Saved data entries:

+ + +

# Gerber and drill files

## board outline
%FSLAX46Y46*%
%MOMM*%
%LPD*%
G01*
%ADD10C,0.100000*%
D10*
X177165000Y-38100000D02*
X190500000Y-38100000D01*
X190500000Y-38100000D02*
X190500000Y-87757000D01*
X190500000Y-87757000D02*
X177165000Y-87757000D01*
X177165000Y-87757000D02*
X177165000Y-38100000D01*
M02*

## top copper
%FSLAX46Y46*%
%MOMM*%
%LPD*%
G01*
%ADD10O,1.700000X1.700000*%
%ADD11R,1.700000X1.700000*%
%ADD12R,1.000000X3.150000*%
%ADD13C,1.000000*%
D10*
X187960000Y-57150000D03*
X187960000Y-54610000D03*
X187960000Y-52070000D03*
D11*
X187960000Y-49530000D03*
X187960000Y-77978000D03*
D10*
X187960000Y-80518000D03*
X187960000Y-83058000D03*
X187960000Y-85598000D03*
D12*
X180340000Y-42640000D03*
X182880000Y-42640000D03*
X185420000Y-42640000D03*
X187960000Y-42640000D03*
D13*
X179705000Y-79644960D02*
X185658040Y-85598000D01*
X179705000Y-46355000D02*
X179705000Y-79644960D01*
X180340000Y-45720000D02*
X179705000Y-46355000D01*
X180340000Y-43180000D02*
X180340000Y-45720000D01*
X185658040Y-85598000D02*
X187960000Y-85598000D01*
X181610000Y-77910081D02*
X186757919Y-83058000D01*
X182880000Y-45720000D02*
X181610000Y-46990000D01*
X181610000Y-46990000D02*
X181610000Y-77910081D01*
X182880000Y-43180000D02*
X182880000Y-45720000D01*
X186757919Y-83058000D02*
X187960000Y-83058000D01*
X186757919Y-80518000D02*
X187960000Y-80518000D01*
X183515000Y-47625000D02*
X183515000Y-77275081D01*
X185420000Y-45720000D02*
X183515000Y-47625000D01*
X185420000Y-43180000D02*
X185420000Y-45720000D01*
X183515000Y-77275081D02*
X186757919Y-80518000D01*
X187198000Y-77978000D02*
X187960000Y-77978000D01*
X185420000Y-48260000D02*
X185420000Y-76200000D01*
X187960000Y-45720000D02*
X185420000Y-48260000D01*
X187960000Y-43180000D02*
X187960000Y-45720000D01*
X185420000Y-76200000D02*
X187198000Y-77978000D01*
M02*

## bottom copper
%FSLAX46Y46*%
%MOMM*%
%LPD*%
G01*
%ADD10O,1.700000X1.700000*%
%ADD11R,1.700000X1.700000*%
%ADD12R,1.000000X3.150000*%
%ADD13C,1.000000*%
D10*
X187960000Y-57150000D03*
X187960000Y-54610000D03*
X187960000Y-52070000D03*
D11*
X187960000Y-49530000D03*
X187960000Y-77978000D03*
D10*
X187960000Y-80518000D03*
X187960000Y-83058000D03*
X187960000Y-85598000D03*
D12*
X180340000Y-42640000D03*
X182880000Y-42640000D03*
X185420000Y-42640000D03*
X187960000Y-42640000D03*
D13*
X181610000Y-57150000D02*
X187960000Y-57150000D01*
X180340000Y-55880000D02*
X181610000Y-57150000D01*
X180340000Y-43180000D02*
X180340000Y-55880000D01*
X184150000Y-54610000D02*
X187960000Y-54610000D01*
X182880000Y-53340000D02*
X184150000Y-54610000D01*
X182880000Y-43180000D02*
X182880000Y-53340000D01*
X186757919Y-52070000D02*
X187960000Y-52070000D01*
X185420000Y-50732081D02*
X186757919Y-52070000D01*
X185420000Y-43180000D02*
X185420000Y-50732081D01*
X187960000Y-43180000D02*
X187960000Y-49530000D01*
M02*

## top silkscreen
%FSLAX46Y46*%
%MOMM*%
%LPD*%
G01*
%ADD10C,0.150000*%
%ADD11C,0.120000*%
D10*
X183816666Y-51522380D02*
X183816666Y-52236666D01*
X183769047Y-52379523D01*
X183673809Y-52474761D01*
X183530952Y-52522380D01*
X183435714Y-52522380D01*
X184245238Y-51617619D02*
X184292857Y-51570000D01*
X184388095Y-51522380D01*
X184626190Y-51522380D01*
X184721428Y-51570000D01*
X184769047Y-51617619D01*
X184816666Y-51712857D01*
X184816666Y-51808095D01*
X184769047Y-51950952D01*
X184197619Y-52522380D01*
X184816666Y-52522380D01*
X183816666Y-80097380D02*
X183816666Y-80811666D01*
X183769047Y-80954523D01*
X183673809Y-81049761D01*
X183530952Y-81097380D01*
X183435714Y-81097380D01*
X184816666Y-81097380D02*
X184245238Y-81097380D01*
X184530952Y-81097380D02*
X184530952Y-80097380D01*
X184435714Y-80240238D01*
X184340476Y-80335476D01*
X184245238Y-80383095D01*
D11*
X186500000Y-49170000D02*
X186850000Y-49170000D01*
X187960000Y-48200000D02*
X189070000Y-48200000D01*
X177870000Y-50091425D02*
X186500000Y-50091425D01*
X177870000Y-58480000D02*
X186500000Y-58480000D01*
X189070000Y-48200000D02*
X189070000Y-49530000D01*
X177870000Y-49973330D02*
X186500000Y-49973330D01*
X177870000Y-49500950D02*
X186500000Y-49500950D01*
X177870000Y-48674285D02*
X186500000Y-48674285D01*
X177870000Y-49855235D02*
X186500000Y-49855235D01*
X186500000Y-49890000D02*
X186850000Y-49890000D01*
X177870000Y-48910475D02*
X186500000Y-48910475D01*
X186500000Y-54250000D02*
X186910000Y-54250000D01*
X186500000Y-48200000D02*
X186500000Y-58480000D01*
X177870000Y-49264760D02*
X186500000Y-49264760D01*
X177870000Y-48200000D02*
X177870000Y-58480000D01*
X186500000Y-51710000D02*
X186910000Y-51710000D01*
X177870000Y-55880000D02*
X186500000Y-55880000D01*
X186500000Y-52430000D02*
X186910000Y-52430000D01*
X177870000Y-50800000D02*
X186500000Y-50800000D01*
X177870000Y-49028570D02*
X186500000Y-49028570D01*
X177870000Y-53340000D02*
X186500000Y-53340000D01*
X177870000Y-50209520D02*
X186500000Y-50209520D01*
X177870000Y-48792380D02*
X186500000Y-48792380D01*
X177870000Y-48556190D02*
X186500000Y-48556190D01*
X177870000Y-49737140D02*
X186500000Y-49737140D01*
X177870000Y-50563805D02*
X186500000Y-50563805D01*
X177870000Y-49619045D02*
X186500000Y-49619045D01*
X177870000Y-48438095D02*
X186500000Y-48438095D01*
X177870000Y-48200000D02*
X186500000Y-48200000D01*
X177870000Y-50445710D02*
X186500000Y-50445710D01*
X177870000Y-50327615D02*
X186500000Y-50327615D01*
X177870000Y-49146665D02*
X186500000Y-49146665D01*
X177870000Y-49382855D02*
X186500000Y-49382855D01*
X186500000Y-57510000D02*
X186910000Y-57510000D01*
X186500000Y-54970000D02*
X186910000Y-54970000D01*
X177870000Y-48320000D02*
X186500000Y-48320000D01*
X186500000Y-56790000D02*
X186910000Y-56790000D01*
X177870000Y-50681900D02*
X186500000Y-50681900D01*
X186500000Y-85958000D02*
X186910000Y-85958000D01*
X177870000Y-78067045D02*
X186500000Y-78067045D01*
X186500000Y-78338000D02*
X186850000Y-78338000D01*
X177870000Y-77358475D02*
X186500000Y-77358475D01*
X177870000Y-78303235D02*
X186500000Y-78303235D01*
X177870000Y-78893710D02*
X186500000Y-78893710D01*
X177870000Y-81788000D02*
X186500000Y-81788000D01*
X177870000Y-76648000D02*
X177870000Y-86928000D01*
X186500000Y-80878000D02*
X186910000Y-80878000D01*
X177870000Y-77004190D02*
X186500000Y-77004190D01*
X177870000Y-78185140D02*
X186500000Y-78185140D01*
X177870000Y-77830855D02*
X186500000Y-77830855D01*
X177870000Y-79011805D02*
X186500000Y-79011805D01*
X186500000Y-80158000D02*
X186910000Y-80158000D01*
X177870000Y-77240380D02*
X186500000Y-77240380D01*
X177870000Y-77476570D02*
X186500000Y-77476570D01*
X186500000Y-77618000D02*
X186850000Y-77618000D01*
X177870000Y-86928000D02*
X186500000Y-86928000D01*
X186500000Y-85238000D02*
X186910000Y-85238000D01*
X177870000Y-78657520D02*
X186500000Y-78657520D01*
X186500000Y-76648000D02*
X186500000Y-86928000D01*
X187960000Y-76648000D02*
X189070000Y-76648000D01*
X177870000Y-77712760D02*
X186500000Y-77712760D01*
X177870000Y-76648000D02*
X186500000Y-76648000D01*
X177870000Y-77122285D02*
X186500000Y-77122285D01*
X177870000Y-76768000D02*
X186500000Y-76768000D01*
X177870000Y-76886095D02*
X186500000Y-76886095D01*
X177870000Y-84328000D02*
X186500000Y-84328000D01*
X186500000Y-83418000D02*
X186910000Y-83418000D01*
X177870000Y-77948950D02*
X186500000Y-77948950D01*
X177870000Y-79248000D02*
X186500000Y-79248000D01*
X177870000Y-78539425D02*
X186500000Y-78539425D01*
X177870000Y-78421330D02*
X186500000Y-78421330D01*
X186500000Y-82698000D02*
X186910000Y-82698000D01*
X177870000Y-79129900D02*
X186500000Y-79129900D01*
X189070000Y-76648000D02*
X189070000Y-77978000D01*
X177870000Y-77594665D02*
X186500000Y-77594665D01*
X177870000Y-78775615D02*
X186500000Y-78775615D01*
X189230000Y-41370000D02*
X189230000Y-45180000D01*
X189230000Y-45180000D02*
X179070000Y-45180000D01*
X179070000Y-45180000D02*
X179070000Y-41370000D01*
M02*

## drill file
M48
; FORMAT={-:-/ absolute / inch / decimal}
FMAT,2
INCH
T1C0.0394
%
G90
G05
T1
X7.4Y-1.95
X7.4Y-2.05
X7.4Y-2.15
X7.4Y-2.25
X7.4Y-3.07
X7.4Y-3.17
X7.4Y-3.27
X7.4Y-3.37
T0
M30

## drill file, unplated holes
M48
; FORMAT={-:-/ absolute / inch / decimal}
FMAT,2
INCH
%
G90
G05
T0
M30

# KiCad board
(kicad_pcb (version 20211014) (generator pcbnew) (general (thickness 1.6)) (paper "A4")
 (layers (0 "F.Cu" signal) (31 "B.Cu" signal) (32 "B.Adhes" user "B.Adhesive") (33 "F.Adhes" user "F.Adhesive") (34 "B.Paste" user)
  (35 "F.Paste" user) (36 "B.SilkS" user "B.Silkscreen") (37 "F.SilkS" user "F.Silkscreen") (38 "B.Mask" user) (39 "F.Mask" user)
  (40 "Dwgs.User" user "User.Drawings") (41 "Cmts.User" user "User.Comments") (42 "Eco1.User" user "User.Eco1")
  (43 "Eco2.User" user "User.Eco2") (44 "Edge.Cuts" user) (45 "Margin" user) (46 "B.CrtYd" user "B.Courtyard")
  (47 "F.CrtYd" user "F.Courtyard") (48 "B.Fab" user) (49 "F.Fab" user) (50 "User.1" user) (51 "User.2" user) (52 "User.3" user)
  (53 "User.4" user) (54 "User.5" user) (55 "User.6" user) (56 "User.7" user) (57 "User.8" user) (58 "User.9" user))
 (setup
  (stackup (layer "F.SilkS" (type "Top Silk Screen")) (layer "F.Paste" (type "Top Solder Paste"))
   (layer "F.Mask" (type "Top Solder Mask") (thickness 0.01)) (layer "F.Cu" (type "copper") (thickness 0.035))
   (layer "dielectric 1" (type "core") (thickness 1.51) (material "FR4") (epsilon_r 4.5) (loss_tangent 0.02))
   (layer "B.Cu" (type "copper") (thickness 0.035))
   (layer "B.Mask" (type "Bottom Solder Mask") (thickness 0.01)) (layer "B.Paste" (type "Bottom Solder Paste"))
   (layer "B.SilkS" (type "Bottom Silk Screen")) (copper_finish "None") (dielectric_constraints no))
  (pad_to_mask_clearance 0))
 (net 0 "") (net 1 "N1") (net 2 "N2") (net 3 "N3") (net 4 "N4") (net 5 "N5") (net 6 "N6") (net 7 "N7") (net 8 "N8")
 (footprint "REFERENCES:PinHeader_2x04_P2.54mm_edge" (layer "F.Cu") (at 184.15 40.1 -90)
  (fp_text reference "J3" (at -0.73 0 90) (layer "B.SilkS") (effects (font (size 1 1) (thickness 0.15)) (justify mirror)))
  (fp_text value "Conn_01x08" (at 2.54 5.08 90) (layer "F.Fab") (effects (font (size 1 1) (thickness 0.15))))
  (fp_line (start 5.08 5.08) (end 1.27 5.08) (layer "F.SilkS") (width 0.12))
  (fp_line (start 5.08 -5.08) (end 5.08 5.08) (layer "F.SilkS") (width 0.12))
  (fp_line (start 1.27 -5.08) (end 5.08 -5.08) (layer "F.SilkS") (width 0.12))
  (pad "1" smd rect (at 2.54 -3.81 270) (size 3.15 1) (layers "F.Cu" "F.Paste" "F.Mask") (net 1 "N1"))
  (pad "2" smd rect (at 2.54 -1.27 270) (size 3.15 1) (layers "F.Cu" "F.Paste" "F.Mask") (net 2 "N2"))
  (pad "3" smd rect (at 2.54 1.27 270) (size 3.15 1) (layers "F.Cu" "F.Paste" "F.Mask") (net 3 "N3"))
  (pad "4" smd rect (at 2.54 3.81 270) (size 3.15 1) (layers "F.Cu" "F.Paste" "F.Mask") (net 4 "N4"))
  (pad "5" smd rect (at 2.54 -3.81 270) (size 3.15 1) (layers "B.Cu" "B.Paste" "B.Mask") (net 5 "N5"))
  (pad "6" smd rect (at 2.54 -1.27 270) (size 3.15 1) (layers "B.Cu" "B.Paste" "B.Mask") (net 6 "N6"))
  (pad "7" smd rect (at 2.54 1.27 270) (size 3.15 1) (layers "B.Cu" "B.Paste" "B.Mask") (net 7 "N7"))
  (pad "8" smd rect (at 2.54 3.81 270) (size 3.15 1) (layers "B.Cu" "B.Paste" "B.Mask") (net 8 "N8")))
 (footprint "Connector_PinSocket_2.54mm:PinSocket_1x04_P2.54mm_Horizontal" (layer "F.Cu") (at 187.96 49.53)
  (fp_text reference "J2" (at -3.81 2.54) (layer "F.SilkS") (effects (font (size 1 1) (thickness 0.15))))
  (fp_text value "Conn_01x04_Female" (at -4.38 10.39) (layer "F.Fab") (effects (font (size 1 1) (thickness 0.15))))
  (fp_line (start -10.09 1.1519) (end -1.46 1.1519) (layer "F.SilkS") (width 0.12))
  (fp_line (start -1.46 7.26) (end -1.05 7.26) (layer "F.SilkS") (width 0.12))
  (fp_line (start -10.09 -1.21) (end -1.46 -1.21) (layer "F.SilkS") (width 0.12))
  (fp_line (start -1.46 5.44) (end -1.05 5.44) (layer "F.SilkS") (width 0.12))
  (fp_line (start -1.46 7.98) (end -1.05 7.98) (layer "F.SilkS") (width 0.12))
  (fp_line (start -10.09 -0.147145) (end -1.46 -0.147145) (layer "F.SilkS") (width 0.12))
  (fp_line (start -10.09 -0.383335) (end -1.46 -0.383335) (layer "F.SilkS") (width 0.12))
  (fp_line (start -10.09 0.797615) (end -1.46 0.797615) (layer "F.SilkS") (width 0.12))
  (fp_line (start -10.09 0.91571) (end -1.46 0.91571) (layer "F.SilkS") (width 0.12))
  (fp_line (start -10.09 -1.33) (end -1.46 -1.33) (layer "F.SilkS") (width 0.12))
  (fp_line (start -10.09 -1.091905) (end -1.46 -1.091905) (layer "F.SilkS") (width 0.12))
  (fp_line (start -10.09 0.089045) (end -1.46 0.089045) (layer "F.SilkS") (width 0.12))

+ + +

## BRIEF
Within the data above, the lines from the one with "X179705000Y-46355000D02*" to the one with "X185420000Y-45720000D01*" must be repeated exactly; no other line belongs in the answer.

## EXERCISE ANSWER
X179705000Y-46355000D02*
X179705000Y-79644960D01*
X180340000Y-45720000D02*
X179705000Y-46355000D01*
X180340000Y-43180000D02*
X180340000Y-45720000D01*
X185658040Y-85598000D02*
X187960000Y-85598000D01*
X181610000Y-77910081D02*
X186757919Y-83058000D01*
X182880000Y-45720000D02*
X181610000Y-46990000D01*
X181610000Y-46990000D02*
X181610000Y-77910081D01*
X182880000Y-43180000D02*
X182880000Y-45720000D01*
X186757919Y-83058000D02*
X187960000Y-83058000D01*
X186757919Y-80518000D02*
X187960000Y-80518000D01*
X183515000Y-47625000D02*
X183515000Y-77275081D01*
X185420000Y-45720000D02*
X183515000Y-47625000D01*
X185420000Y-43180000D02*
X185420000Y-45720000D01*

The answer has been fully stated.